::: Records for this task

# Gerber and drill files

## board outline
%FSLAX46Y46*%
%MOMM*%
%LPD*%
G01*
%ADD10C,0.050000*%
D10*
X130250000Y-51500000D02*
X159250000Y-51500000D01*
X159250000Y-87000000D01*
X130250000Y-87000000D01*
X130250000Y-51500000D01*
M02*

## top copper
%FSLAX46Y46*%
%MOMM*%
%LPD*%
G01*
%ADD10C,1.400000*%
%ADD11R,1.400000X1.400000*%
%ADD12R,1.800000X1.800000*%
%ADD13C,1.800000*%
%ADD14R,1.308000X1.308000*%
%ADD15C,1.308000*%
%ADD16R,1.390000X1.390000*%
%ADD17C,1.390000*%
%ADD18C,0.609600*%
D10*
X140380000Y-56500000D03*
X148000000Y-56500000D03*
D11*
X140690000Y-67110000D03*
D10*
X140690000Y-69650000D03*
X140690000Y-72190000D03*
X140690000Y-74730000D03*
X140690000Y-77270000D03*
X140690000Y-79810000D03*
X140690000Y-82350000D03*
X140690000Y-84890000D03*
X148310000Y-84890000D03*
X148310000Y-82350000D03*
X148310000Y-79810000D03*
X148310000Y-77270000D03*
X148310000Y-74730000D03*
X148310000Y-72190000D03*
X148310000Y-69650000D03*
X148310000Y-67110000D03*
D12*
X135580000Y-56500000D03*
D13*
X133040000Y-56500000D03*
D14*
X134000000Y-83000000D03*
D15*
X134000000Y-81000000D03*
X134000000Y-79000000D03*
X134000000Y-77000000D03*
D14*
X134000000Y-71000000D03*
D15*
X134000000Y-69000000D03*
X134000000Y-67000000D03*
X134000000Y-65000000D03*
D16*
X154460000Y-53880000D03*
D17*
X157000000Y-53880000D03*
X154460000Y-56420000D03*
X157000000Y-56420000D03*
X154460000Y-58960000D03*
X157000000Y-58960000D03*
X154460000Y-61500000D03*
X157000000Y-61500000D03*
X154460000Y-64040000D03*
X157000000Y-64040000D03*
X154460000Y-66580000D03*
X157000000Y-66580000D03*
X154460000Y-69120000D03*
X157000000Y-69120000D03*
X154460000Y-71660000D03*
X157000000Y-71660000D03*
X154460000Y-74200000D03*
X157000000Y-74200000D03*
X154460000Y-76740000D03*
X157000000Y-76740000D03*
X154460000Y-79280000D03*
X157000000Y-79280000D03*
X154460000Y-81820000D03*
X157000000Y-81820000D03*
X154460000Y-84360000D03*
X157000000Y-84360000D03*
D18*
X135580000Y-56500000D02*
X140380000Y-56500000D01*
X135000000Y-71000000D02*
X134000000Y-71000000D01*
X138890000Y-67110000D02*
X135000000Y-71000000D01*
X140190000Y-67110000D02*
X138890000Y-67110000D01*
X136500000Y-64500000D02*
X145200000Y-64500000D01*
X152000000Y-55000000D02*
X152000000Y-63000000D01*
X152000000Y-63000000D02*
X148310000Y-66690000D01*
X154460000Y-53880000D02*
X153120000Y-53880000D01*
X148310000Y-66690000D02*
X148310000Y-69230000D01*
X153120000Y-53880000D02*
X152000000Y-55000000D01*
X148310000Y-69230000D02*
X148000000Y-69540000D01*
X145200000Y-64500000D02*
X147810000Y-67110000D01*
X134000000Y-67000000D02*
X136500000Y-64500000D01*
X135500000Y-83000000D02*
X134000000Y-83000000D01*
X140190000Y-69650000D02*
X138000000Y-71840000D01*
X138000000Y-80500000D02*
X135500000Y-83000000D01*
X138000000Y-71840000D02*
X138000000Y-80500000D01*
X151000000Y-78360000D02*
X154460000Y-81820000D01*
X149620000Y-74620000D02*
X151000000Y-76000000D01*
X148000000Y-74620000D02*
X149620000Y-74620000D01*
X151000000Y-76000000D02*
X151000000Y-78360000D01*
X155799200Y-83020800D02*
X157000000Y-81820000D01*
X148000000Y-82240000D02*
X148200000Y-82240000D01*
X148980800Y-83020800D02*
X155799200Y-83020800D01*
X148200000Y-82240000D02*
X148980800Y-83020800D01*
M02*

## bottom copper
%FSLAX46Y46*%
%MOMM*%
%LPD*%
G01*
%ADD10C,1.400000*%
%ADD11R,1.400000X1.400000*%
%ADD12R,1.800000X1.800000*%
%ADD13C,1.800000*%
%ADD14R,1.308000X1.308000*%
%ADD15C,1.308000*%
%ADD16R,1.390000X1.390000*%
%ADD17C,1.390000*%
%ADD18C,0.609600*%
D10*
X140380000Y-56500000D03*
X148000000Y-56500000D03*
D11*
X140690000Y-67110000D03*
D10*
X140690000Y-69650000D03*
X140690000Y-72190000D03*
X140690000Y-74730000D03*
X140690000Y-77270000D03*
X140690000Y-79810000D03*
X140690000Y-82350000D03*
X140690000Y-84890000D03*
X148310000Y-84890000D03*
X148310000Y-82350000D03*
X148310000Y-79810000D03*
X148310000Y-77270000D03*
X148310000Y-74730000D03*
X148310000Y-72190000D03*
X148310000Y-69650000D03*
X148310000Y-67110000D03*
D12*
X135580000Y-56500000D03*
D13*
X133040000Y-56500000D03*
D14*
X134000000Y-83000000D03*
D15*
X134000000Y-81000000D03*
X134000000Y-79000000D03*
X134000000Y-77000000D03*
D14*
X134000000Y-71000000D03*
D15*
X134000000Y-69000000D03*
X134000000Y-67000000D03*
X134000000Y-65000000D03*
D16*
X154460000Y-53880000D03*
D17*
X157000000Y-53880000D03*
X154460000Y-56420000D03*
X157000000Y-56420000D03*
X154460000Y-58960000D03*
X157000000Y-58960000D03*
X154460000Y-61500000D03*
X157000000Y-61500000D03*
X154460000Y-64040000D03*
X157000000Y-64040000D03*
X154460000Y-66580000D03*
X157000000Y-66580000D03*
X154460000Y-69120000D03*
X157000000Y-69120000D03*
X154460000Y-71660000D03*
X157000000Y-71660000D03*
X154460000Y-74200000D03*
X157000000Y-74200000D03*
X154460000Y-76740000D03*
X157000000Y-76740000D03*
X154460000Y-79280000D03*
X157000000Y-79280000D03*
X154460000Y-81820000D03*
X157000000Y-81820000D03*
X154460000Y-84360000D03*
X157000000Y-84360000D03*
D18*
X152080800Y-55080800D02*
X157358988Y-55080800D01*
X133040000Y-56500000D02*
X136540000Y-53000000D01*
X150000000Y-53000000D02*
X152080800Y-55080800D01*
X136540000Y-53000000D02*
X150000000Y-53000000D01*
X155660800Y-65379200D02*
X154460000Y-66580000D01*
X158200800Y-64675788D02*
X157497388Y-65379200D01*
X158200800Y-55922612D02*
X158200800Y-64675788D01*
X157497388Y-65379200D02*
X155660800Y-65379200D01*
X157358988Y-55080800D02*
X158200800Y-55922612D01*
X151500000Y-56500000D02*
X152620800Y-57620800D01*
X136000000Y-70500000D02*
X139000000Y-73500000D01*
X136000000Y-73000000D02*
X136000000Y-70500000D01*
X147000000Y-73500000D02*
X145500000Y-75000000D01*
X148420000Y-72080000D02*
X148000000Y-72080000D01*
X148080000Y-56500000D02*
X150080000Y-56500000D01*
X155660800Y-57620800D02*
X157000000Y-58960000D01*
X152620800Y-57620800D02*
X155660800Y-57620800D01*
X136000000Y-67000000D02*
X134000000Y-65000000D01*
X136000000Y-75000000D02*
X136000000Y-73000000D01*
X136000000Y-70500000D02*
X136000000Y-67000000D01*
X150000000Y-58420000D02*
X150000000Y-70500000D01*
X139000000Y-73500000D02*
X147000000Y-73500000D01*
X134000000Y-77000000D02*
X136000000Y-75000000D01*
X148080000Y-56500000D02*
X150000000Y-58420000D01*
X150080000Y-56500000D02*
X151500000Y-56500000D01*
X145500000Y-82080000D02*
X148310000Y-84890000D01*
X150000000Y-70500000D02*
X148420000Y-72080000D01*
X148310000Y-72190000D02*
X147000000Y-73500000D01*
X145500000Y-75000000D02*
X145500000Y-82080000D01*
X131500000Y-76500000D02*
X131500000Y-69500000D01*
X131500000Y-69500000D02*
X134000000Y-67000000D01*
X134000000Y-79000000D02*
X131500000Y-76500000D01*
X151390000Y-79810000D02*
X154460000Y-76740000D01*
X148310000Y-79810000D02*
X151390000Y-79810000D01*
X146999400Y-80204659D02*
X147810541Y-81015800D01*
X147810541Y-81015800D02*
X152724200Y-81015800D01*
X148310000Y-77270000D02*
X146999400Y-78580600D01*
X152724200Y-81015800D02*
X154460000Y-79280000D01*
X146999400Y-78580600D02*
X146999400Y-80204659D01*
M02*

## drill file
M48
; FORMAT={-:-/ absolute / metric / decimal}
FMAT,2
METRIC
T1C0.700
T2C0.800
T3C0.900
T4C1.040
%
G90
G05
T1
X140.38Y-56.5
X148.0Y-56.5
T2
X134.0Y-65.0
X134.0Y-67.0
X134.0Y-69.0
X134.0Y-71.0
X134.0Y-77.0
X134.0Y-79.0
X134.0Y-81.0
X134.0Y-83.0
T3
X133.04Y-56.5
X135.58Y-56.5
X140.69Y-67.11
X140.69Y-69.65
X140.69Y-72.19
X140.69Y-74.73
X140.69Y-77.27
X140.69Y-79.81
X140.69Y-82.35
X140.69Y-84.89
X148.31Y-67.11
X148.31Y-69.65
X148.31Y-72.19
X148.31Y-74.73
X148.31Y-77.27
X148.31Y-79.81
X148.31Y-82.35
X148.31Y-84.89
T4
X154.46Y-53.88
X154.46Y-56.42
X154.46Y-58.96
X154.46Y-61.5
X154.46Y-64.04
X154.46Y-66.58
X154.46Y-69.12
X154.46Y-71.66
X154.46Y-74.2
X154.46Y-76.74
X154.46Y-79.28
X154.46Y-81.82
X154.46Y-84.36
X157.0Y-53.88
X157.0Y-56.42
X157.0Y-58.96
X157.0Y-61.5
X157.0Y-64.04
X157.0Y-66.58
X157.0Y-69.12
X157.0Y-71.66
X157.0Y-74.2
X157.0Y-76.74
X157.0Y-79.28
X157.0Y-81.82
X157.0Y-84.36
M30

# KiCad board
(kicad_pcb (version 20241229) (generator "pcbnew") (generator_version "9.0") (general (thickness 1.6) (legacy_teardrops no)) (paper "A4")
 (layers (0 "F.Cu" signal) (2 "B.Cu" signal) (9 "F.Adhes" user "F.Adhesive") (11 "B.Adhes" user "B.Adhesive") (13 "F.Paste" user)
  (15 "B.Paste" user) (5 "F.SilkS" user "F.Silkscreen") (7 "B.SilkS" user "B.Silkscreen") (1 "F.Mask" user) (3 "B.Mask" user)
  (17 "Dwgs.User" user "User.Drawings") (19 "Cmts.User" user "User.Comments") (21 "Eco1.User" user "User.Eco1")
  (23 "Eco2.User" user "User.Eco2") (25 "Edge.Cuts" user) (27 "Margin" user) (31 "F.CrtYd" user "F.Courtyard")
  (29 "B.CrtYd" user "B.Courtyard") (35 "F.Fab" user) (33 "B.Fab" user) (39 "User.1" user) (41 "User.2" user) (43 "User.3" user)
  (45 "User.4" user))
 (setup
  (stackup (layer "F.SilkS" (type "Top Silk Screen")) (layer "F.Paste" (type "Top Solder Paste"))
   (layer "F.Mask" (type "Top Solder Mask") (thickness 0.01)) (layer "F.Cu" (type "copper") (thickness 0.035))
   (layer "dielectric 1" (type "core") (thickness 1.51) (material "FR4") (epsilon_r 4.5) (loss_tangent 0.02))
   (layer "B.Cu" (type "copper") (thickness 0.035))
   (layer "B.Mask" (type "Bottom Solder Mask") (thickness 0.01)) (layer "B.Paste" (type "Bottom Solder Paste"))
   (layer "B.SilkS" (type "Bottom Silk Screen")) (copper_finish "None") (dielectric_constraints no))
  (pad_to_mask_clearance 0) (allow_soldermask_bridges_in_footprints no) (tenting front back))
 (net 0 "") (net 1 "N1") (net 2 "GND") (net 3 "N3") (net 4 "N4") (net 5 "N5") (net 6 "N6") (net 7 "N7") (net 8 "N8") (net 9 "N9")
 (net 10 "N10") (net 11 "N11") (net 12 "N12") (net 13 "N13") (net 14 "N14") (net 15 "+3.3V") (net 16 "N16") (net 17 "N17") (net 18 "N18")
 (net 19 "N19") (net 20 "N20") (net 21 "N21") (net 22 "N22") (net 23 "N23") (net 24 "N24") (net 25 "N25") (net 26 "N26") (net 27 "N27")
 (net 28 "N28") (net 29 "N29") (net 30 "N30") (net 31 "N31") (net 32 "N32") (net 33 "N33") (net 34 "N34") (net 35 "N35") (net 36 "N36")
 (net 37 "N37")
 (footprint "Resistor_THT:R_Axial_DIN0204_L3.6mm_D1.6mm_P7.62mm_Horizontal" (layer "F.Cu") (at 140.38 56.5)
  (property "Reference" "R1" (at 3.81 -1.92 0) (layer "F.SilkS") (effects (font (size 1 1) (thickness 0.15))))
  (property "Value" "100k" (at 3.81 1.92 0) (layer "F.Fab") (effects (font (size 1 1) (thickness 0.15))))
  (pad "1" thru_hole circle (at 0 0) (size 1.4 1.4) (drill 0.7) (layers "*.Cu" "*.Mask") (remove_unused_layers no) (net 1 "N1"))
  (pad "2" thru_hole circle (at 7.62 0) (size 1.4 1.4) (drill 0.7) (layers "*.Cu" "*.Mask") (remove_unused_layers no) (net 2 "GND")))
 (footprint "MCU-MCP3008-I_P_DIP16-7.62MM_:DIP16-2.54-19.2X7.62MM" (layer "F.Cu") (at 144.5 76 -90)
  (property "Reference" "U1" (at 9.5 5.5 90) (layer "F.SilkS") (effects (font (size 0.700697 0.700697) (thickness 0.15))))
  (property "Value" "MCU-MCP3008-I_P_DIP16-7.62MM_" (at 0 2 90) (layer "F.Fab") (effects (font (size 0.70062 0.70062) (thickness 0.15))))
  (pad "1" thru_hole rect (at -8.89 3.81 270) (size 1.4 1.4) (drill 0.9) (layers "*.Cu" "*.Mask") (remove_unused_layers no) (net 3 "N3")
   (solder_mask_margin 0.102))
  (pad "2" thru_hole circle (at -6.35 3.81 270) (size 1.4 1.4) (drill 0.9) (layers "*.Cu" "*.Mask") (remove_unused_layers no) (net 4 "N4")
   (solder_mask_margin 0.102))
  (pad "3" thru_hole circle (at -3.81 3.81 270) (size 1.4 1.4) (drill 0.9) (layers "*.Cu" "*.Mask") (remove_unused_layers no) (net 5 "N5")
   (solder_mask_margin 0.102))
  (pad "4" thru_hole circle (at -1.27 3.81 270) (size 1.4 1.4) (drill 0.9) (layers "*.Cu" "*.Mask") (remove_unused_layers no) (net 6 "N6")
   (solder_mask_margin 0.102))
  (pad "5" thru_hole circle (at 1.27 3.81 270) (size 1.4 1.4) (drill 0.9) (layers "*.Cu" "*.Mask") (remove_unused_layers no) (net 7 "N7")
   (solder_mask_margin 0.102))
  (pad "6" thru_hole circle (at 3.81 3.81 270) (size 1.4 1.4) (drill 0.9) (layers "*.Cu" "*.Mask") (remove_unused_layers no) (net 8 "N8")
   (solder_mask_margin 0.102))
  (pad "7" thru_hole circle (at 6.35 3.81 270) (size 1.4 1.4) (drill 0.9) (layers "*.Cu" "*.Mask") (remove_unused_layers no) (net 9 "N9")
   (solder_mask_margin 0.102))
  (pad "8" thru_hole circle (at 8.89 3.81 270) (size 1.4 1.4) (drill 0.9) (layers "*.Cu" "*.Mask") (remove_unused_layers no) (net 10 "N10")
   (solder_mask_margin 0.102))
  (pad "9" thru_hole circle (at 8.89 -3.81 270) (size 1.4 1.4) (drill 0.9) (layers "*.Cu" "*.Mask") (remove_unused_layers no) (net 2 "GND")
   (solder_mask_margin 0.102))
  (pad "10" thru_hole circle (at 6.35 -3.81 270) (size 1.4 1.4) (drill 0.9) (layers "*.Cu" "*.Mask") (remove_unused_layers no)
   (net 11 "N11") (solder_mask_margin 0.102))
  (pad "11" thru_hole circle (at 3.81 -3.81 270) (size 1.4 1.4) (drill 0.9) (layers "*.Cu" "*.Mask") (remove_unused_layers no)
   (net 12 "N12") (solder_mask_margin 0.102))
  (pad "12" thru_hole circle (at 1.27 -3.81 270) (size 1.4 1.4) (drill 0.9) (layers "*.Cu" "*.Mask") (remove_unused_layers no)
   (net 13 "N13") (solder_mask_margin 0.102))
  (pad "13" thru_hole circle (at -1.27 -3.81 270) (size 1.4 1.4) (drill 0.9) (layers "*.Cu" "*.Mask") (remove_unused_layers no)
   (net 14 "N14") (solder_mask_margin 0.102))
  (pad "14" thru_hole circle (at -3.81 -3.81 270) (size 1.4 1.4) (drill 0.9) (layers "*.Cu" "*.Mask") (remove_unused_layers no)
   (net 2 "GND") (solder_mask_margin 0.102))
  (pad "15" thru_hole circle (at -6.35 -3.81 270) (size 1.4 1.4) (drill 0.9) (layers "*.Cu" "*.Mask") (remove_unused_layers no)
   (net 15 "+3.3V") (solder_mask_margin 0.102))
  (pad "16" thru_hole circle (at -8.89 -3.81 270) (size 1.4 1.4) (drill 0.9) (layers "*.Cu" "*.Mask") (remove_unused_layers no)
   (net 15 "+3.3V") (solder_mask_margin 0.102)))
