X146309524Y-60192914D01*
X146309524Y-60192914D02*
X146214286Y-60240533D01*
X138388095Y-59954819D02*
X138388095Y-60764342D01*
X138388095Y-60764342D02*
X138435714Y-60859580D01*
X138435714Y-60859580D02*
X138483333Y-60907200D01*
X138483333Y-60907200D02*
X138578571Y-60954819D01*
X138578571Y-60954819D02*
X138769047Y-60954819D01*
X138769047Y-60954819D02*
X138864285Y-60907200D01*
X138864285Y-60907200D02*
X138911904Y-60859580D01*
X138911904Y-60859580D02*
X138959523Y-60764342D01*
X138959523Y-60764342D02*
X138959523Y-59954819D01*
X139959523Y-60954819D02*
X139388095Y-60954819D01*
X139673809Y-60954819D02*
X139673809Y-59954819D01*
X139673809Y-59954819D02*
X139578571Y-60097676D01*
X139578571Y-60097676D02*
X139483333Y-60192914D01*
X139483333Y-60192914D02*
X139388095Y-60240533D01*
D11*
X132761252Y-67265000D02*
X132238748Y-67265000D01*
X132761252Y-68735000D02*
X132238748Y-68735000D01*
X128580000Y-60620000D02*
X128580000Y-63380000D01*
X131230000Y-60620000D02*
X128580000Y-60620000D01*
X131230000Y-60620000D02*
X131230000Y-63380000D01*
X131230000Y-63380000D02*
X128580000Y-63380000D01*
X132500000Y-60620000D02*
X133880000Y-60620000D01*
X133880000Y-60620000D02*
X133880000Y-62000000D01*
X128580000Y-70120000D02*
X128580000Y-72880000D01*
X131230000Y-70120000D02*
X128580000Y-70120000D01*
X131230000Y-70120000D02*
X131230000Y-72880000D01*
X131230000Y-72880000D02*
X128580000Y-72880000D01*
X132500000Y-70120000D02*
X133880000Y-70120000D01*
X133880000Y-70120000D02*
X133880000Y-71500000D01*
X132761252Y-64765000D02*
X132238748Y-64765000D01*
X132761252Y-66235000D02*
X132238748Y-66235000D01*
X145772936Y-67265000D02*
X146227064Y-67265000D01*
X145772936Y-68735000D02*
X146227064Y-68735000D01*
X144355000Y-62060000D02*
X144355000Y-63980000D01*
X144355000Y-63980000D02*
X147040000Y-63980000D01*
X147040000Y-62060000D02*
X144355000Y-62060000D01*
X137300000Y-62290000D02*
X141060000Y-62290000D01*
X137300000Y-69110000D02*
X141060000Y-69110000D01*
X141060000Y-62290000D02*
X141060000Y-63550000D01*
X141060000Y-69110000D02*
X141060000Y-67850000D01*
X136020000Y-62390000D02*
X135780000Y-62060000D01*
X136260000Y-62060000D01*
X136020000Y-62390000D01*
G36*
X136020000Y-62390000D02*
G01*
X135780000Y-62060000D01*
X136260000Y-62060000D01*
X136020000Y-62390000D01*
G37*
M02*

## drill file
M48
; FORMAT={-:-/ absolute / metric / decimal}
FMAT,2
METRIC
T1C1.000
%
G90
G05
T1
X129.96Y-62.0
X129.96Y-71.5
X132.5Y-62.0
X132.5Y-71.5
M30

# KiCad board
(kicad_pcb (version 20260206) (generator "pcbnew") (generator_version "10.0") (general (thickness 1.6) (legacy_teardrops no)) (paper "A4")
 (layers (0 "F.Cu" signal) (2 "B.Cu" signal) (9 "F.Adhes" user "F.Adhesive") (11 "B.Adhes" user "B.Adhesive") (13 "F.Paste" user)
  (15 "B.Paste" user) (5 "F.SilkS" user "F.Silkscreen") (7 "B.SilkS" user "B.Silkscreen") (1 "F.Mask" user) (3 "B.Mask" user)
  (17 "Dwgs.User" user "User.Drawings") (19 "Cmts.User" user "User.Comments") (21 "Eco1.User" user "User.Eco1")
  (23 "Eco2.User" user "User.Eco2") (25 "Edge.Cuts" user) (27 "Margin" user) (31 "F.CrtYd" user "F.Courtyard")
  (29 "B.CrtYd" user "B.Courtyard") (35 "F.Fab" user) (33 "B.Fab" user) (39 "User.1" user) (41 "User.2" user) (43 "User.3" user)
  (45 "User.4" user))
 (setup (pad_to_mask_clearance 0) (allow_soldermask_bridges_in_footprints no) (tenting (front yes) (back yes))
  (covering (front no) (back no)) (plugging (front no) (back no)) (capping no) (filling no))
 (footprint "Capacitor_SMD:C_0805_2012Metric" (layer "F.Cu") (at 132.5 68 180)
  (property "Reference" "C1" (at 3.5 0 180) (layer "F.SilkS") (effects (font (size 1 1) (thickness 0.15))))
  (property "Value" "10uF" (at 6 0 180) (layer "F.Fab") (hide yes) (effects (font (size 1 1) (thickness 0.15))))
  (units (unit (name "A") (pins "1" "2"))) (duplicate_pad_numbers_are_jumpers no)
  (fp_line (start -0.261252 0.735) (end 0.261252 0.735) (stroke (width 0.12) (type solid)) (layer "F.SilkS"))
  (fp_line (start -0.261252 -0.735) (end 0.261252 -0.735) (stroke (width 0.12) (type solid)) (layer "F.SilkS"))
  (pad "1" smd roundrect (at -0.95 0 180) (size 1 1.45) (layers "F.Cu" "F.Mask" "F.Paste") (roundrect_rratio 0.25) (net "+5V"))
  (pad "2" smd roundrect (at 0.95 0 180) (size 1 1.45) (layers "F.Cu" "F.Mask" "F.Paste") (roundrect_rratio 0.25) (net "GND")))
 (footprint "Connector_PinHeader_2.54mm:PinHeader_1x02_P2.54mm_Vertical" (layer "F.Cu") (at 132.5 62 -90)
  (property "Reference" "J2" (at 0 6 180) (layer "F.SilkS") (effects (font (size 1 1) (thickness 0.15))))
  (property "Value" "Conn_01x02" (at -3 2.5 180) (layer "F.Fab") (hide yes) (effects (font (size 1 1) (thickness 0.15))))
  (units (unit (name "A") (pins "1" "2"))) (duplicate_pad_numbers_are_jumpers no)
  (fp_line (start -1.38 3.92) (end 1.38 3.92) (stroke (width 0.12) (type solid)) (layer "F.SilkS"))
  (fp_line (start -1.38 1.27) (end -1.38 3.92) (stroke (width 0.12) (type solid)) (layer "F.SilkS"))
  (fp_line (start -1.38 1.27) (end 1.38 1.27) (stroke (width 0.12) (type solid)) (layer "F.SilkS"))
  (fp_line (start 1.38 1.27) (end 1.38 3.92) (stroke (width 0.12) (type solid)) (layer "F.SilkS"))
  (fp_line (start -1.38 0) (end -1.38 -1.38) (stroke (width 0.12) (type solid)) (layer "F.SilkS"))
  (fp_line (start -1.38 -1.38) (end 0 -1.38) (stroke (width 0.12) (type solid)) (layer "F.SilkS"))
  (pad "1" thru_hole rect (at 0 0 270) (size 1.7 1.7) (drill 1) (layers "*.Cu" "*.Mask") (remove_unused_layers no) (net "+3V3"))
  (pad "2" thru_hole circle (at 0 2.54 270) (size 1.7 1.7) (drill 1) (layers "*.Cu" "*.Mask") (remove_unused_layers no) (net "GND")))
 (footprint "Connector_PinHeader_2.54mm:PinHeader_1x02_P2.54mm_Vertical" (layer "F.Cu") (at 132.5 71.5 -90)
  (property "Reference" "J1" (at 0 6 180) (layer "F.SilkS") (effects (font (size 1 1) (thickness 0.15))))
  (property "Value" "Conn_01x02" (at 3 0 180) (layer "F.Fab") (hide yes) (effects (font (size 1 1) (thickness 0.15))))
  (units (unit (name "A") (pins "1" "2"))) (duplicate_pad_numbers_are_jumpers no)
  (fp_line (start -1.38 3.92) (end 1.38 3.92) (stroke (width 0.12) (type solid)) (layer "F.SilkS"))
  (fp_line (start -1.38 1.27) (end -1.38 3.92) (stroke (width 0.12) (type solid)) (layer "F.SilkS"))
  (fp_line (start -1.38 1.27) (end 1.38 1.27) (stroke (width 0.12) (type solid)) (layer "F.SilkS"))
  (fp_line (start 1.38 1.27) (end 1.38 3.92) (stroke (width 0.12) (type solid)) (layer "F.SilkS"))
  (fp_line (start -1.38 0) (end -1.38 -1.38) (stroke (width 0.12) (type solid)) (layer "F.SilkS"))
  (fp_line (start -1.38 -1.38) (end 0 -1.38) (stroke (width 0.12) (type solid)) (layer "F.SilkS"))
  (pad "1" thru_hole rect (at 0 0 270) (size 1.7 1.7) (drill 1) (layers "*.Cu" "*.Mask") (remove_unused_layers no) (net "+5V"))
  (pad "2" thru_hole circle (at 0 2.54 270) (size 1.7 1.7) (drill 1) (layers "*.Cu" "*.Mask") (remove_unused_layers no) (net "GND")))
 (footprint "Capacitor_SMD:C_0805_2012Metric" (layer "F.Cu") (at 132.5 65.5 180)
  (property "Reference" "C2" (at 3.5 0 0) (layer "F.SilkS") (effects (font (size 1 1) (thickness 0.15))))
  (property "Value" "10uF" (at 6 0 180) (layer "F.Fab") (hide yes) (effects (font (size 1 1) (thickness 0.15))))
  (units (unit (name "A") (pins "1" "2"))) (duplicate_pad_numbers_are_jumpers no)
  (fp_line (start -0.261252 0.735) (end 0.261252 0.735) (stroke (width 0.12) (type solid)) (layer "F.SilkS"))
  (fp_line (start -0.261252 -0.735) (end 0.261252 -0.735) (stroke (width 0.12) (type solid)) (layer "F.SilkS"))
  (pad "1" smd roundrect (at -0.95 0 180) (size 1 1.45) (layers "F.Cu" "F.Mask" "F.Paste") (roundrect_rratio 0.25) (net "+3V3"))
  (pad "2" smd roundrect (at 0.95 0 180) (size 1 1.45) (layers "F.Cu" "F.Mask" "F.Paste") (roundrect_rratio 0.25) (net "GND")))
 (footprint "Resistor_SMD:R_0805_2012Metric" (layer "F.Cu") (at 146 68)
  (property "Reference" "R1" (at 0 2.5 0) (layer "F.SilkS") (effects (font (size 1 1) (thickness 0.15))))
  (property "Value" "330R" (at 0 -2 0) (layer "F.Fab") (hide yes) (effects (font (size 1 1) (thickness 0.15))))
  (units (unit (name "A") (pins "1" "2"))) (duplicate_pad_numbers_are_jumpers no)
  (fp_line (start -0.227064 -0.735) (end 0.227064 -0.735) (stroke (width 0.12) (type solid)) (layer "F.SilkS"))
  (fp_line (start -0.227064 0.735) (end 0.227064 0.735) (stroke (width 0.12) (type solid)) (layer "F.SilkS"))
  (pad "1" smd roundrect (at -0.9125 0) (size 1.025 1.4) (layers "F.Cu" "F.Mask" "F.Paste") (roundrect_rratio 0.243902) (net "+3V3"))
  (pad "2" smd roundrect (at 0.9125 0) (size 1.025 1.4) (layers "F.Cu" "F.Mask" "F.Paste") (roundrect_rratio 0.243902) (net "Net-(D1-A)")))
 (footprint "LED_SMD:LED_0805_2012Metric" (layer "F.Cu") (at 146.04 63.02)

::::::

| Instructions to follow |
Output the lines from the one with "-2 0) (layer" to the final line of the entries above, exactly as they stand, please, and nothing else.

| Reply |
  (property "Value" "330R" (at 0 -2 0) (layer "F.Fab") (hide yes) (effects (font (size 1 1) (thickness 0.15))))
  (units (unit (name "A") (pins "1" "2"))) (duplicate_pad_numbers_are_jumpers no)
  (fp_line (start -0.227064 -0.735) (end 0.227064 -0.735) (stroke (width 0.12) (type solid)) (layer "F.SilkS"))
  (fp_line (start -0.227064 0.735) (end 0.227064 0.735) (stroke (width 0.12) (type solid)) (layer "F.SilkS"))
  (pad "1" smd roundrect (at -0.9125 0) (size 1.025 1.4) (layers "F.Cu" "F.Mask" "F.Paste") (roundrect_rratio 0.243902) (net "+3V3"))
  (pad "2" smd roundrect (at 0.9125 0) (size 1.025 1.4) (layers "F.Cu" "F.Mask" "F.Paste") (roundrect_rratio 0.243902) (net "Net-(D1-A)")))
 (footprint "LED_SMD:LED_0805_2012Metric" (layer "F.Cu") (at 146.04 63.02)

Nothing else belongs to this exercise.